Okay. Should be fine. Can you set it to the width needed without measuring? 

Al

Friends don't let friends use stamped metal tools sold at clothing stores.


----------



## Chris Curl (Jan 1, 2013)

Al B Thayer said:


> Okay. Should be fine. Can you set it to the width needed without measuring?
> 
> Al


yes, you can.


----------



## Al B Thayer (Dec 10, 2011)

Chris Curl said:


> yes, you can.


Then I'd say you've got a winner. Can you get by with only one adjustable side? Seems like the best way to keep things square would be to make one side fixed. Yes?

Al

Friends don't let friends use stamped metal tools sold at clothing stores.


----------



## Al B Thayer (Dec 10, 2011)

I took another look at your drawings. Now I understand it's the same fixture in two different positions. Smart. Nice drawings, is that sketch up?

Al

Friends don't let friends use stamped metal tools sold at clothing stores.


----------



## Chris Curl (Jan 1, 2013)

Al, thanks. Yes it is SketchUp.

I started on the real thing tonight. I'll post pics and info in the next few days.


----------



## hillpanther (Jun 24, 2012)

Chris Curl said:


> Al, thanks. Yes it is SketchUp.
> 
> I started on the real thing tonight. I'll post pics and info in the next few days.

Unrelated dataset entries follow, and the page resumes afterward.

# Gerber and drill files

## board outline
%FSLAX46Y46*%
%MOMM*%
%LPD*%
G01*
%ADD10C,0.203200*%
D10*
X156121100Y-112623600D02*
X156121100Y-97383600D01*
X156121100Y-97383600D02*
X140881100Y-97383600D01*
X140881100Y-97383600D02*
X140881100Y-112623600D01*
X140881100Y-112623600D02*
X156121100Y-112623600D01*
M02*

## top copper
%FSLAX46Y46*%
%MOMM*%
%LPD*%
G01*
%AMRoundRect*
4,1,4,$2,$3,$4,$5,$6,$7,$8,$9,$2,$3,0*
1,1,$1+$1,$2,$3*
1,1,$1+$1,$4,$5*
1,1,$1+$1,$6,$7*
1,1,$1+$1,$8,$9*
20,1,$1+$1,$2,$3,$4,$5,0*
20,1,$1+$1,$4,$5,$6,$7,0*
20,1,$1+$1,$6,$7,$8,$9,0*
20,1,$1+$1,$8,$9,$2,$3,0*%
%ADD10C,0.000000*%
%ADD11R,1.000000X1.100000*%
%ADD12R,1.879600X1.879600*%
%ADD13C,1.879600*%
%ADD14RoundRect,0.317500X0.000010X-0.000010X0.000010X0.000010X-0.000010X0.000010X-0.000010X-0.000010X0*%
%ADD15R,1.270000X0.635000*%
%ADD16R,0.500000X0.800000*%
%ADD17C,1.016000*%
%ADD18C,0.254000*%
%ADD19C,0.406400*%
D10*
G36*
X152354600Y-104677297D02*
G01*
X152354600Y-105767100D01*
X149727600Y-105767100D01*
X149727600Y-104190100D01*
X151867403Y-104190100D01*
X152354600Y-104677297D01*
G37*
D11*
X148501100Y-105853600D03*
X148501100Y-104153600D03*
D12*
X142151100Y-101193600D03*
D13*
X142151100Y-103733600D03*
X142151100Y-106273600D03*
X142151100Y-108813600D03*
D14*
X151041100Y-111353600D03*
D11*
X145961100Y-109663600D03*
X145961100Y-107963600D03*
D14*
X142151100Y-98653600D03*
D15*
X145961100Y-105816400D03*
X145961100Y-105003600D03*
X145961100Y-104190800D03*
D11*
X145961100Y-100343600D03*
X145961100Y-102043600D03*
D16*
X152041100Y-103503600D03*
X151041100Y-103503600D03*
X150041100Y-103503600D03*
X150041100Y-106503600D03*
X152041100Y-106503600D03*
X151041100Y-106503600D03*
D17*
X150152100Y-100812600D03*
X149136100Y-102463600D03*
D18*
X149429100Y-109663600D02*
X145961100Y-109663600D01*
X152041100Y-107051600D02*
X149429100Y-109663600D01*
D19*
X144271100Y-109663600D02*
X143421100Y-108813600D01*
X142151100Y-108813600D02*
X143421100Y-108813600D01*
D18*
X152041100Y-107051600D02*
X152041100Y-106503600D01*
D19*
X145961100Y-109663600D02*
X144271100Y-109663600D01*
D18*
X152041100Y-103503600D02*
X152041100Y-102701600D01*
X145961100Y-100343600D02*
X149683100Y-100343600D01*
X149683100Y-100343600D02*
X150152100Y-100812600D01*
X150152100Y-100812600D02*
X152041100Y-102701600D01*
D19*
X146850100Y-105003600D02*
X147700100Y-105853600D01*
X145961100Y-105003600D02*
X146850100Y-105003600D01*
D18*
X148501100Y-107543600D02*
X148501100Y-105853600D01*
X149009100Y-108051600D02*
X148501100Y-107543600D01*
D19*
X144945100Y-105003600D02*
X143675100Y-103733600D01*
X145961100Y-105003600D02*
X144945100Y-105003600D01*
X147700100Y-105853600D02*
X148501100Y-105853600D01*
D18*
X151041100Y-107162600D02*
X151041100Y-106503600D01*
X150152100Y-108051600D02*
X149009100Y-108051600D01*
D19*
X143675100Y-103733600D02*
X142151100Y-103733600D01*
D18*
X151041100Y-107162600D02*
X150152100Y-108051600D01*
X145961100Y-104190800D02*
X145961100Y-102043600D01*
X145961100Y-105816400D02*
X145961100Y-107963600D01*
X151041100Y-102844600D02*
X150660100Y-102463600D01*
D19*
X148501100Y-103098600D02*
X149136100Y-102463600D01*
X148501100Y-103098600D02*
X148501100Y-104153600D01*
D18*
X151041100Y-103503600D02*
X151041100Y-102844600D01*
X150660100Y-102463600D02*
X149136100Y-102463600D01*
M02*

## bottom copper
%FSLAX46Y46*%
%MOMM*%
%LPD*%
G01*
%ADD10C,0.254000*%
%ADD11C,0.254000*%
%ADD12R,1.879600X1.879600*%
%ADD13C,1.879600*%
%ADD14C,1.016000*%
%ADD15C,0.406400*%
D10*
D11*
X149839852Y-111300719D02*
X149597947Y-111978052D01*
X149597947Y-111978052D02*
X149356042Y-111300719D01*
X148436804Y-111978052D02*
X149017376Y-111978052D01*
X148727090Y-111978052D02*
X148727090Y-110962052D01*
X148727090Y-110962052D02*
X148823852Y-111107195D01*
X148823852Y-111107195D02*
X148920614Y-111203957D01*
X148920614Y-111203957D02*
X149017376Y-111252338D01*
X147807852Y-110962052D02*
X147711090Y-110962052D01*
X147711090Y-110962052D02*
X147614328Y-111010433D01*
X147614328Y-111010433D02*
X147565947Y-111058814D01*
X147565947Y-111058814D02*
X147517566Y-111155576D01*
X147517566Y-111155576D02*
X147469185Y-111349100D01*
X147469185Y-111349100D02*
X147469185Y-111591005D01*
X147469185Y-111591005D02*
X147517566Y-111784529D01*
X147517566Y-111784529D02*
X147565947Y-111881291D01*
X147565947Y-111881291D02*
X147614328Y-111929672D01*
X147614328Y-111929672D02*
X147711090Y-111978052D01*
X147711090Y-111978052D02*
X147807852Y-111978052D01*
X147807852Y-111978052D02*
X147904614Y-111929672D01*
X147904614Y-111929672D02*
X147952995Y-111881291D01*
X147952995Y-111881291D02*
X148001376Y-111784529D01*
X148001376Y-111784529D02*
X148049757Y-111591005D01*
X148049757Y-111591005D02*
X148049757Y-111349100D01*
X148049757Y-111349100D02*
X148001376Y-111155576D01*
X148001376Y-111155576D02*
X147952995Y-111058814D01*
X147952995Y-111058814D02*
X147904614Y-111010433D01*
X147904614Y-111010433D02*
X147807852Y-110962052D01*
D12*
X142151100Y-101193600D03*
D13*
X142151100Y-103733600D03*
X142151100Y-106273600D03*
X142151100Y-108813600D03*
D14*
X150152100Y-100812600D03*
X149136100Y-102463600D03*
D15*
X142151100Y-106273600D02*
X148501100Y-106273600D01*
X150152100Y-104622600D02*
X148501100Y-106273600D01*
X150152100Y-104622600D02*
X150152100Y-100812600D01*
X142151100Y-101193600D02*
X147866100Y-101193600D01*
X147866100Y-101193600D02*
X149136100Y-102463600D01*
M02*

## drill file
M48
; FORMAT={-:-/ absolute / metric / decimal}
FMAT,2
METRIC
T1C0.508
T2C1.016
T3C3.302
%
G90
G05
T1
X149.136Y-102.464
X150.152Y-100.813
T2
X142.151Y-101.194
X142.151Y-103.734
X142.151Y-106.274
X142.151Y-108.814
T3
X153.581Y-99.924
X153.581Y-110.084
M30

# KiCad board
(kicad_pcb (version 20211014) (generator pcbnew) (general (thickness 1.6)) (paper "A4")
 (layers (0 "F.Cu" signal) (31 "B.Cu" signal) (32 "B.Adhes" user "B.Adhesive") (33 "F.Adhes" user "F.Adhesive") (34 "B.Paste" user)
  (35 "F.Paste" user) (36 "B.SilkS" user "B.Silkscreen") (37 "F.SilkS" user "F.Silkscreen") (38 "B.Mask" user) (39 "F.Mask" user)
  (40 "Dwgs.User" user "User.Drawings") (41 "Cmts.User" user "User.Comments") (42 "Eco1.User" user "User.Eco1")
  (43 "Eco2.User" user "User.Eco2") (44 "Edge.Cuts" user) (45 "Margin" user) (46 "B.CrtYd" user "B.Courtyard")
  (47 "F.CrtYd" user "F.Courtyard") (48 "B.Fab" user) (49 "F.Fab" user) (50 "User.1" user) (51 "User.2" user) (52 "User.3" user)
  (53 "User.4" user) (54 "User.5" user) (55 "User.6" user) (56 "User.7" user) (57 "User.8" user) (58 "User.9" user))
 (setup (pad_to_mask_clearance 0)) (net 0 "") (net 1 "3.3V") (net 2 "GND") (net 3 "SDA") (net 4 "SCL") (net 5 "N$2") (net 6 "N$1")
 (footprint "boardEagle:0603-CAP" (layer "F.Cu") (at 148.5011 105.0036 90)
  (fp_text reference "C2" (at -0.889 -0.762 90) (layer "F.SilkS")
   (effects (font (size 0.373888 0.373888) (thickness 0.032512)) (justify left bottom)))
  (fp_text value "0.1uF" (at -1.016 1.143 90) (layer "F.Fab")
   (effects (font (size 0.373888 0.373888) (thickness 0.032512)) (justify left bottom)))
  (pad "1" smd rect (at -0.85 0 90) (size 1.1 1) (layers "F.Cu" "F.Paste" "F.Mask") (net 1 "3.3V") (solder_mask_margin 0.1016))
  (pad "2" smd rect (at 0.85 0 90) (size 1.1 1) (layers "F.Cu" "F.Paste" "F.Mask") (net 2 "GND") (solder_mask_margin 0.1016)))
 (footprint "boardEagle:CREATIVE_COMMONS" (layer "F.Cu") (at 128.1811 121.5136)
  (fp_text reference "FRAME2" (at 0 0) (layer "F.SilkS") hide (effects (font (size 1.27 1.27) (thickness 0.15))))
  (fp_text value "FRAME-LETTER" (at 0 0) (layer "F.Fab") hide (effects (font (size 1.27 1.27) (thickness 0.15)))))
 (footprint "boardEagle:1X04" (layer "F.Cu") (at 142.1511 101.1936 -90)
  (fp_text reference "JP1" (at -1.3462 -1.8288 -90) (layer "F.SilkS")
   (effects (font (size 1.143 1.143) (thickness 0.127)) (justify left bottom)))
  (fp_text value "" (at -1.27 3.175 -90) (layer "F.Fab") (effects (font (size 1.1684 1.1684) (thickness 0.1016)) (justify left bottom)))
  (pad "1" thru_hole rect (at 0 0) (size 1.8796 1.8796) (drill 1.016) (layers *.Cu *.Mask) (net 2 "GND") (solder_mask_margin 0.1016))
  (pad "2" thru_hole circle (at 2.54 0) (size 1.8796 1.8796) (drill 1.016) (layers *.Cu *.Mask) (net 1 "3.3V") (solder_mask_margin 0.1016))
  (pad "3" thru_hole circle (at 5.08 0) (size 1.8796 1.8796) (drill 1.016) (layers *.Cu *.Mask) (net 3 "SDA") (solder_mask_margin 0.1016))
  (pad "4" thru_hole circle (at 7.62 0) (size 1.8796 1.8796) (drill 1.016) (layers *.Cu *.Mask) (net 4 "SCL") (solder_mask_margin 0.1016)))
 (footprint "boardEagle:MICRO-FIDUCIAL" (layer "F.Cu") (at 151.0411 111.3536 90)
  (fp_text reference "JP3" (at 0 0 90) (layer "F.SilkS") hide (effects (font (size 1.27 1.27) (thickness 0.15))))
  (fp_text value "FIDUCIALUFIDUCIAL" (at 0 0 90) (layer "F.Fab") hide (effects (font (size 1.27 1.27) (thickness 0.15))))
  (pad "1" smd roundrect (at 0 0 90) (size 0.635 0.635) (layers "F.Cu" "F.Mask") (roundrect_rratio 0.5) (solder_mask_margin 0.1016)))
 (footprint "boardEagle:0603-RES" (layer "F.Cu") (at 145.9611 108.8136 90)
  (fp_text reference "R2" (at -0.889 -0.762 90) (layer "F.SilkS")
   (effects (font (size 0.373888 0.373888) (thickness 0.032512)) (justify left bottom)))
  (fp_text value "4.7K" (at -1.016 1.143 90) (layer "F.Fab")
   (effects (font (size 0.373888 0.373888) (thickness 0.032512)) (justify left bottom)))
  (pad "1" smd rect (at -0.85 0 90) (size 1.1 1) (layers "F.Cu" "F.Paste" "F.Mask") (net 4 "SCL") (solder_mask_margin 0.1016))
  (pad "2" smd rect (at 0.85 0 90) (size 1.1 1) (layers "F.Cu" "F.Paste" "F.Mask") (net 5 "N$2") (solder_mask_margin 0.1016)))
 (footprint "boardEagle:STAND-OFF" (layer "F.Cu") (at 153.5811 99.9236 90)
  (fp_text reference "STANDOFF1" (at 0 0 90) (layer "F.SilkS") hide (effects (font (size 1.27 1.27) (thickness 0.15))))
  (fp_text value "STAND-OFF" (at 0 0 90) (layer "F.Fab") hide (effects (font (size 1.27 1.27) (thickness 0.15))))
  (pad "" np_thru_hole circle (at 0 0 90) (size 3.302 3.302) (drill 3.302) (layers *.Cu *.Mask)))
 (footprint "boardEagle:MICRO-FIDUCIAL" (layer "F.Cu") (at 142.1511 98.6536 90)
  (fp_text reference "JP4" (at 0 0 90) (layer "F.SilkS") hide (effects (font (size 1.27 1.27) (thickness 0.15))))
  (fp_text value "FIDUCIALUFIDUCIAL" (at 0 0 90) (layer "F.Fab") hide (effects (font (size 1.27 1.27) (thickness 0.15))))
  (pad "1" smd roundrect (at 0 0 90) (size 0.635 0.635) (layers "F.Cu" "F.Mask") (roundrect_rratio 0.5) (solder_mask_margin 0.1016)))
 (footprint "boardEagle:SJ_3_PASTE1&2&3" (layer "F.Cu") (at 145.9611 105.0036 90)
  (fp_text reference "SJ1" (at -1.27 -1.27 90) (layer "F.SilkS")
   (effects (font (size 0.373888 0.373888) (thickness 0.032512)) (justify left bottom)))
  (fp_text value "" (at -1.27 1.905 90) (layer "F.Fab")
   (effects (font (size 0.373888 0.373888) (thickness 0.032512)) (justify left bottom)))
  (pad "1" smd rect (at -0.8128 0 90) (size 0.635 1.27) (layers "F.Cu" "F.Mask") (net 5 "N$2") (solder_mask_margin 0.1016))
  (pad "2" smd rect (at 0 0 90) (size 0.635 1.27) (layers "F.Cu" "F.Mask") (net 1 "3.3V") (solder_mask_margin 0.1016))
  (pad "3" smd rect (at 0.8128 0 90) (size 0.635 1.27) (layers "F.Cu" "F.Mask") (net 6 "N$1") (solder_mask_margin 0.1016)))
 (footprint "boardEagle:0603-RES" (layer "F.Cu") (at 145.9611 101.1936 -90)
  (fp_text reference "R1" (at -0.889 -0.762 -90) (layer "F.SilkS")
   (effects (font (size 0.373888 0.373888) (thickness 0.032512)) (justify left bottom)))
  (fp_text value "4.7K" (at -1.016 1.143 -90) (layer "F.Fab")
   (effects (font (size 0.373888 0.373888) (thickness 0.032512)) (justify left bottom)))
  (pad "1" smd rect (at -0.85 0 270) (size 1.1 1) (layers "F.Cu" "F.Paste" "F.Mask") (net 3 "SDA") (solder_mask_margin 0.1016))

looking forward your concept.


----------



## snookfish (Jan 10, 2011)

This has given me a good place to start. I have 2 T tracks running the length of my workbench. I think with some modifications I can create something similar but use my t track to simply move the jig down to the next dado using my router. Can't wait to see you build this!


----------



## jschaben (Apr 1, 2010)

I'm kind of in Al's camp with the use of guide bushings. In the first place, once built, the jig is married to that router/bit combination and unless that router has a flat on the base plate, you need to mark the base to insure you maintain the orientation of the router to the fence. Most routers do not come with the bits perfectly centered, regardless what the marketeers say.
Secondly, you are limited in the range of dado widths you can achieve. 
I built mine with a 1/8" offset so I can get dado widths from 1/8" up, with any router I happen to have that will accept guide bushings. I just need to select a bit/bushing combination with a 1/4" difference in OD. :smile:


----------